Все же время от времени он испытывал необходимость присесть, чтобы немного отдохнуть, а главное, для того, чтобы еще выпить. Это давало возможность Селите хоть немного перевести дух.
Пока она так отдыхала, она явственно ощущала по некоторым взглядам, улыбкам, тостам, что скоро должно что-то произойти. И она ломала голову, пытаясь угадать, какой неприятный сюрприз они ей приготовили. Они были здесь в полном составе, почти все занятые с посетителями. Только Наташа и новенькая танцевали вдвоем.
— Ну, продолжим! — воскликнул дантист, вытирая губы.
Поскольку за ней наблюдала мадам Флоранс, Селита не осмелилась отказаться и снова оказалась среди танцующих со своим неистовым кавалером. Велел ли кто-то оркестру нарочно ускорить ритм румбы? Или Джианини, увидев снова на площадке пьяного дантиста, просто решил поразвлечься?

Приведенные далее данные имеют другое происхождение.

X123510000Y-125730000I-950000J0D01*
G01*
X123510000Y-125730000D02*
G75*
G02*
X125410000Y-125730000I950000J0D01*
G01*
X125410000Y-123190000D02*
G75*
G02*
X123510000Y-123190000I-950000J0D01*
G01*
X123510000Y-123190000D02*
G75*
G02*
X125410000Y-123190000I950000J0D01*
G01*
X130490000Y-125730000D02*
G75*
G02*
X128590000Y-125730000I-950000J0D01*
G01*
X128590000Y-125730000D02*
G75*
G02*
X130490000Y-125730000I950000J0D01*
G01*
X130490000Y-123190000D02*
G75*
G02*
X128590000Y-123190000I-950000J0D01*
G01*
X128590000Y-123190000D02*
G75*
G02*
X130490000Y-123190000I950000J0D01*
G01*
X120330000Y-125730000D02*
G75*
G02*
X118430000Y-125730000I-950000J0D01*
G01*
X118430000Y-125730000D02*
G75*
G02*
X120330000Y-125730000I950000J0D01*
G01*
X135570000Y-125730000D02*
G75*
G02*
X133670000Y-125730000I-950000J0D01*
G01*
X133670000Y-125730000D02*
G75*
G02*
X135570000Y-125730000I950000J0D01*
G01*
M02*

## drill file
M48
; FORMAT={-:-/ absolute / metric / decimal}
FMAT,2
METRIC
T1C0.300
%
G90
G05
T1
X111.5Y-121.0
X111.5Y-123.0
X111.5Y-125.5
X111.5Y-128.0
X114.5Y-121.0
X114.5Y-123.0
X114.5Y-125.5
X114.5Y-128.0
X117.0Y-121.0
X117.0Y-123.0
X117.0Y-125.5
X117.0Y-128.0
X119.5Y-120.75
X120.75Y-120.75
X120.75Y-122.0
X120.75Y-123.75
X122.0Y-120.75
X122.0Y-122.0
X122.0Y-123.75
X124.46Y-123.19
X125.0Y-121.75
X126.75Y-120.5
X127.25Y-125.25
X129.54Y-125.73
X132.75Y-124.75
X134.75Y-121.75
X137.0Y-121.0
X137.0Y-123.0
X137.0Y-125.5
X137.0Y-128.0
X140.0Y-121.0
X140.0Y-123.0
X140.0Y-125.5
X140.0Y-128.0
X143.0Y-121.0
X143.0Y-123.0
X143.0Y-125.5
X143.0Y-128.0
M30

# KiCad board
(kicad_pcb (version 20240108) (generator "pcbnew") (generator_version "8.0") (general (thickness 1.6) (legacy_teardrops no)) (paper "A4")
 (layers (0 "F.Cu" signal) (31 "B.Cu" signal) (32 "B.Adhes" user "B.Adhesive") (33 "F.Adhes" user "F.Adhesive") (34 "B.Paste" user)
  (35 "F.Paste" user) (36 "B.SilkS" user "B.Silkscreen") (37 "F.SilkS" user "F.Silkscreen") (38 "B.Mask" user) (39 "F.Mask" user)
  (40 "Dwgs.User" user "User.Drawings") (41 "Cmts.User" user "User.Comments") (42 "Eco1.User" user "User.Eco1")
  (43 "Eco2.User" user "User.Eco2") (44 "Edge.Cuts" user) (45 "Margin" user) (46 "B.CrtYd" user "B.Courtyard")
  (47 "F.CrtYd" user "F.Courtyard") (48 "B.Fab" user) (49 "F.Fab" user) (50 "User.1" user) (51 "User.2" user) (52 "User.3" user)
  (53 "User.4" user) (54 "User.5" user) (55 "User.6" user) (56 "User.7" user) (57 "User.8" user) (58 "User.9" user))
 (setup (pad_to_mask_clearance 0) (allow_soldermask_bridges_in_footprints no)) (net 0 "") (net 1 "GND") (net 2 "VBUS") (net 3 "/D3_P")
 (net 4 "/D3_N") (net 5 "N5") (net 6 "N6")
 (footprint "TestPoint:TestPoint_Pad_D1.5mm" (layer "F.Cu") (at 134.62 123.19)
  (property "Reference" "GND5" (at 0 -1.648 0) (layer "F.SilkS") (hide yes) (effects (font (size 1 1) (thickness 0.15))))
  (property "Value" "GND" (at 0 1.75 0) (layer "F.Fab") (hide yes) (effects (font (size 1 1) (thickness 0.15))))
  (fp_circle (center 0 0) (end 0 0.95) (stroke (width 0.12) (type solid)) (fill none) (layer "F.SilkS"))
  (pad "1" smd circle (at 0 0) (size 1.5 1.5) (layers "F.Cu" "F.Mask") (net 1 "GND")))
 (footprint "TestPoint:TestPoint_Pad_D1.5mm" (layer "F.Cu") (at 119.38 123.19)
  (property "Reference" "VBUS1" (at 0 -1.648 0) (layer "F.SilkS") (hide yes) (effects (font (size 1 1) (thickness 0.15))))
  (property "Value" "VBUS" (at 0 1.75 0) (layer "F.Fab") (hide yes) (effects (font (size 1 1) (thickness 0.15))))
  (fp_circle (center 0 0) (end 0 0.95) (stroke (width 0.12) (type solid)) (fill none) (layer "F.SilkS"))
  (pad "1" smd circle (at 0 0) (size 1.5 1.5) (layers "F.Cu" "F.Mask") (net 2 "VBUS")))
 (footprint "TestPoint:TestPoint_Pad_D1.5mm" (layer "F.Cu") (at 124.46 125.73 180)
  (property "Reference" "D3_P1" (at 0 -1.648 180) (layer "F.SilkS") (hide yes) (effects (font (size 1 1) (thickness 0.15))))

Селита двигалась в танце как могла, партнер ее толкал то вправо, то влево, и вдруг нога ее подвернулась, она сначала даже не поняла почему. Ей все стало ясно, когда она упала на колени: это Наташа, танцуя с новенькой.
Сумела зацепить один из ее высоких каблуков и сорвать с ноги туфлю.
Инстинктивно она попыталась ее схватить, но не могла долго ползать на корточках среди ног танцующих, которые тем временем уже далеко отшвырнули ее туфлю.
Дантист толком ничего не понял и спросил ее:
— Вы вывихнули ногу?
— Нет. Моя туфля…
На одной ноге не потанцуешь, и она попыталась покинуть танцевальную площадку, но не могла пробиться сквозь толпу.
Три, четыре раза она наклонялась, чтобы схватить свою туфлю из черной замши, уже заметно запылившуюся, которая приближалась к ней, но всякий раз кто-нибудь отпихивал ее подальше. Это стало похожим на игру вроде футбола, и все в конце концов приняли в ней участие.
— Прошу прощения…
Она раздвигала пары, направляясь, прихрамывая, к своему столу, в то время как кругом все смеялись. Разве может вызвать жалость женщина, оказавшаяся в смешном положении?
— Как это случилось? — спрашивал ее спутник, вынужденный покорно следовать за ней.
— Не важно! Не беспокойтесь из-за меня.
Мадо, по-прежнему танцующая с Наташей, не смеялась, не пыталась даже пинать замшевую туфлю, у которой в ее злоключениях уже потерялся каблук. Что касается Мари-Лу, то она первой прекратила игру и повела своего кавалера к стойке бара.
Музыка прекратилась. Площадка опустела. В самой ее середине бросалась в глаза жалкая туфля, лежащая стели серпантиновых лент, и все взирали на нее, пока Жюль не решился ее подобрать.
— Это ваша, мадмуазель Селита?
Разве не ироническим был этот вопрос, когда и так заметно, что у нее одна нога босая?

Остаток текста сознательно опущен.